Saudi Aramco, the biggest energy company, outlined financing plans on Wednesday that will support its expansion into new areas under a sweeping economic reform plan released by Riyadh this week.
The reforms envisage Aramco transforming itself from an oil and gas firm into a “global industrial conglomerate” involved in many sectors and services, using its vast financial resources to create jobs and help diversify the Saudi economy beyond oil.
“We will continue to build on our accelerated transformation and serve as a pillar, role model and champion of transformation in the Kingdom,” Aramco’s official magazine, Arabian Sun, quoted chief executive Amin Nasser as saying.
Aramco’s board, which met in Tokyo last week, decided to provide interim financing for a planned shipyard at the town of Ras Al-Khair on Saudi Arabia’s east coast, the magazine said without giving details.
In January, Aramco signed an MoU to establish the shipbuilding and repair complex with National Shipping Co. of Saudi Arabia (Bahri), a subsidiary of Lamprell Plc, a UAE-based engineering firm, and South Korea’s Hyundai Heavy Industries.
Aramco’s board also decided to set up joint ventures for onshore and offshore drilling rig services, the magazine said without giving details of those ventures.

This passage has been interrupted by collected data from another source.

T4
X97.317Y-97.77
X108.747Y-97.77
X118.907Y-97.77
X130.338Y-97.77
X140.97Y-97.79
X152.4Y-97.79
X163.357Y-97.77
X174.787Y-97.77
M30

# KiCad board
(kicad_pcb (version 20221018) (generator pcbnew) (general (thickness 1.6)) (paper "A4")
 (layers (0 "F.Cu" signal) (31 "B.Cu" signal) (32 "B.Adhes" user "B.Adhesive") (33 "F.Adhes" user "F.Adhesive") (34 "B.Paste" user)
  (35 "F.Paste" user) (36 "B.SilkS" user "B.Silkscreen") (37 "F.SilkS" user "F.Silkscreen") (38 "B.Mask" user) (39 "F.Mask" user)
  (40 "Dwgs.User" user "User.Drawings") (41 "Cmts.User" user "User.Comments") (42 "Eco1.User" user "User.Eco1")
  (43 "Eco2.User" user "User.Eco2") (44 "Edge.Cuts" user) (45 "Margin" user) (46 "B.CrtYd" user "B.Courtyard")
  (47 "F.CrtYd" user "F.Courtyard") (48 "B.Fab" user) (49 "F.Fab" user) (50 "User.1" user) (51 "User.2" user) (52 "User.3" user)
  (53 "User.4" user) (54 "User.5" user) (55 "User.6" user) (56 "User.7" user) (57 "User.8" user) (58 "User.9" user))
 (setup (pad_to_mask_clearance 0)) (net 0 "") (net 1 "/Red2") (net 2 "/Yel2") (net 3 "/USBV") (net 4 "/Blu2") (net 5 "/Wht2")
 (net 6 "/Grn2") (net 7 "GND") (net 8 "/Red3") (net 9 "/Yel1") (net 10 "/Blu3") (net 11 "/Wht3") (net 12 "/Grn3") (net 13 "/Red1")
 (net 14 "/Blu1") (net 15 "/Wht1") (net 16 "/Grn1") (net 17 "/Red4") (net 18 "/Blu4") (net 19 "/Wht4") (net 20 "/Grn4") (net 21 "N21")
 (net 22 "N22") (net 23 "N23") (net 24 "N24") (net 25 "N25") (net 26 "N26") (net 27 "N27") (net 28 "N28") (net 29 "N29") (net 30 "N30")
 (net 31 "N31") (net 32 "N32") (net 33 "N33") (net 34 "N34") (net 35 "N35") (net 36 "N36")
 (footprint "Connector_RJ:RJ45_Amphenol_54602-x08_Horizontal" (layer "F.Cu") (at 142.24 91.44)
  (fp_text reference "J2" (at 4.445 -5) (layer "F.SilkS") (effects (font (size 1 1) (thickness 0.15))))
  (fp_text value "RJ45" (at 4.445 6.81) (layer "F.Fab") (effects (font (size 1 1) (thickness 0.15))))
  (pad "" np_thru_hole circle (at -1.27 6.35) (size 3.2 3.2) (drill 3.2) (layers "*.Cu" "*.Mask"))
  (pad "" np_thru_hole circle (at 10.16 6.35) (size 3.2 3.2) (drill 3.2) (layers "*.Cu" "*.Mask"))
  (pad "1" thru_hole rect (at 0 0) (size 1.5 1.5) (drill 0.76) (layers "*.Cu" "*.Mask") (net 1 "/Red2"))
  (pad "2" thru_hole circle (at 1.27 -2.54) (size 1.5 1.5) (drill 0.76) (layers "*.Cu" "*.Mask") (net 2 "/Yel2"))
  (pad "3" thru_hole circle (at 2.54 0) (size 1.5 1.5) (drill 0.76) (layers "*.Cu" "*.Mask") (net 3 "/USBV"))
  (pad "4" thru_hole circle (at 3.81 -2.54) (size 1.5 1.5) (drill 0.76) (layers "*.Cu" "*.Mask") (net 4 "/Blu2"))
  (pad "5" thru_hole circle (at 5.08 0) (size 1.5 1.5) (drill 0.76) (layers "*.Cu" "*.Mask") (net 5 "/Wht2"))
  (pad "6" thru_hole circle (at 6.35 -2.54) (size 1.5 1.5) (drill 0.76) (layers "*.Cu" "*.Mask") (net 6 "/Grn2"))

Aramco wants to control more of those businesses to create jobs for Saudis, stimulate local demand and control costs. The board approved an additional equity contribution for its Sadara petrochemical joint venture with US firm Dow Chemical, Arabian Sun said.
Aramco also approved the creation of a program to issue Islamic bonds (sukuk), the magazine added.

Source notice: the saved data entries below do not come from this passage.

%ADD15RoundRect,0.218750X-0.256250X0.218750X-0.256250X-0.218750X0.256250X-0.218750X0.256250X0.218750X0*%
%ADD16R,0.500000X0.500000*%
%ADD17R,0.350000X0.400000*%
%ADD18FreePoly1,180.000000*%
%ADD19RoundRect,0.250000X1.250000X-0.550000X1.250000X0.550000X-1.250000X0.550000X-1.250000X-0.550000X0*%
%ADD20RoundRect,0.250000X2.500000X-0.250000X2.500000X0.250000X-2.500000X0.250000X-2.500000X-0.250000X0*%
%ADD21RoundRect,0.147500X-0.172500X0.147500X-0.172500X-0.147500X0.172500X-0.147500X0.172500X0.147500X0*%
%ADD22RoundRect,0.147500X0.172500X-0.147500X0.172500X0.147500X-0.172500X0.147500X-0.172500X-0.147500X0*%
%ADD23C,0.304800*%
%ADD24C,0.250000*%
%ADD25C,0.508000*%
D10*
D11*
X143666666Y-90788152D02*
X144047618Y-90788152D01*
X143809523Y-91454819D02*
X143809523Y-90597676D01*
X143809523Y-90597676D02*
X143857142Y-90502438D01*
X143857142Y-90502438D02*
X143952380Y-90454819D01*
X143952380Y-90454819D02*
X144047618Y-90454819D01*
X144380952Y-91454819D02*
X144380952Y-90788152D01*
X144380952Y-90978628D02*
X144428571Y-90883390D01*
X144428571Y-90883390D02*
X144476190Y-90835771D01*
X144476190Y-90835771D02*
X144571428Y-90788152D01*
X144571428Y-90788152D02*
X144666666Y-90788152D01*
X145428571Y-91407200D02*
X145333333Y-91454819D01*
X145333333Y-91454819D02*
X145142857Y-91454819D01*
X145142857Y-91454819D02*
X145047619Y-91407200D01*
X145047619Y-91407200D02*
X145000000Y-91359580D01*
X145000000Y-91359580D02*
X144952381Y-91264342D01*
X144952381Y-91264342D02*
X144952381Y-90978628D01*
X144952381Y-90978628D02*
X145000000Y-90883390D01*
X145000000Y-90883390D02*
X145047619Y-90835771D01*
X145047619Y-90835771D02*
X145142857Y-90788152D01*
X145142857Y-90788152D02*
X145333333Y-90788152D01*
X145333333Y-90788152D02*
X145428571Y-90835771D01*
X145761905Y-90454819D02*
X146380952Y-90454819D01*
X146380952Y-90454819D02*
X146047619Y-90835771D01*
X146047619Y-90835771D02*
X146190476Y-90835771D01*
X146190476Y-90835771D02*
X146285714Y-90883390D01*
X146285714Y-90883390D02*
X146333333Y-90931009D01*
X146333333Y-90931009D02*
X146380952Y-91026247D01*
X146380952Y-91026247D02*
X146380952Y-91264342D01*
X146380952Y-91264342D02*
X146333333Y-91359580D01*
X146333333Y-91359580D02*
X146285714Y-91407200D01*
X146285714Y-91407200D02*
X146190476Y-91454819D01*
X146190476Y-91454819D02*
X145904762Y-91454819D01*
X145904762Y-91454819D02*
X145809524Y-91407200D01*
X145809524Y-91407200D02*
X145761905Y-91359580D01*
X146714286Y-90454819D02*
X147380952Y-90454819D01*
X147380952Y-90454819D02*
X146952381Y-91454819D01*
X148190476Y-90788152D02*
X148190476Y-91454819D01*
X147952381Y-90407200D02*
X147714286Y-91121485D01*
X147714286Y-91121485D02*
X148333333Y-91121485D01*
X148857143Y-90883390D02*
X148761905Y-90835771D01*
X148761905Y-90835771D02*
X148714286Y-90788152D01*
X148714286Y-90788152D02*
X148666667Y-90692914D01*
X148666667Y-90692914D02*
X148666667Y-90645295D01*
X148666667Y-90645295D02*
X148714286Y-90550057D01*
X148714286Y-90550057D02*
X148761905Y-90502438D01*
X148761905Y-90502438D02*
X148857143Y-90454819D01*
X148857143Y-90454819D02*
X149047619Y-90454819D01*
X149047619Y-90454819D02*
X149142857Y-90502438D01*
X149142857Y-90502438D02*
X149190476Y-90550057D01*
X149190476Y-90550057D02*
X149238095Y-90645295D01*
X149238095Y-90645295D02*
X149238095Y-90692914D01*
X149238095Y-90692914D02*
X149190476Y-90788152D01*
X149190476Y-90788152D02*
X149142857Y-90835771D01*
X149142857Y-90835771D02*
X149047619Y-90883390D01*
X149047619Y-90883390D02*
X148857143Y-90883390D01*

Aramco officials welcomed the IPO plan as a way to participate in the reform program. Also announced on Wednesday were several appointments to senior posts in Aramco, including four people to the level of vice president.
Nabeel Al-Mansour was appointed general counsel, the first Saudi to hold that post. One goal of the reform program is to move local citizens into jobs, both senior and junior.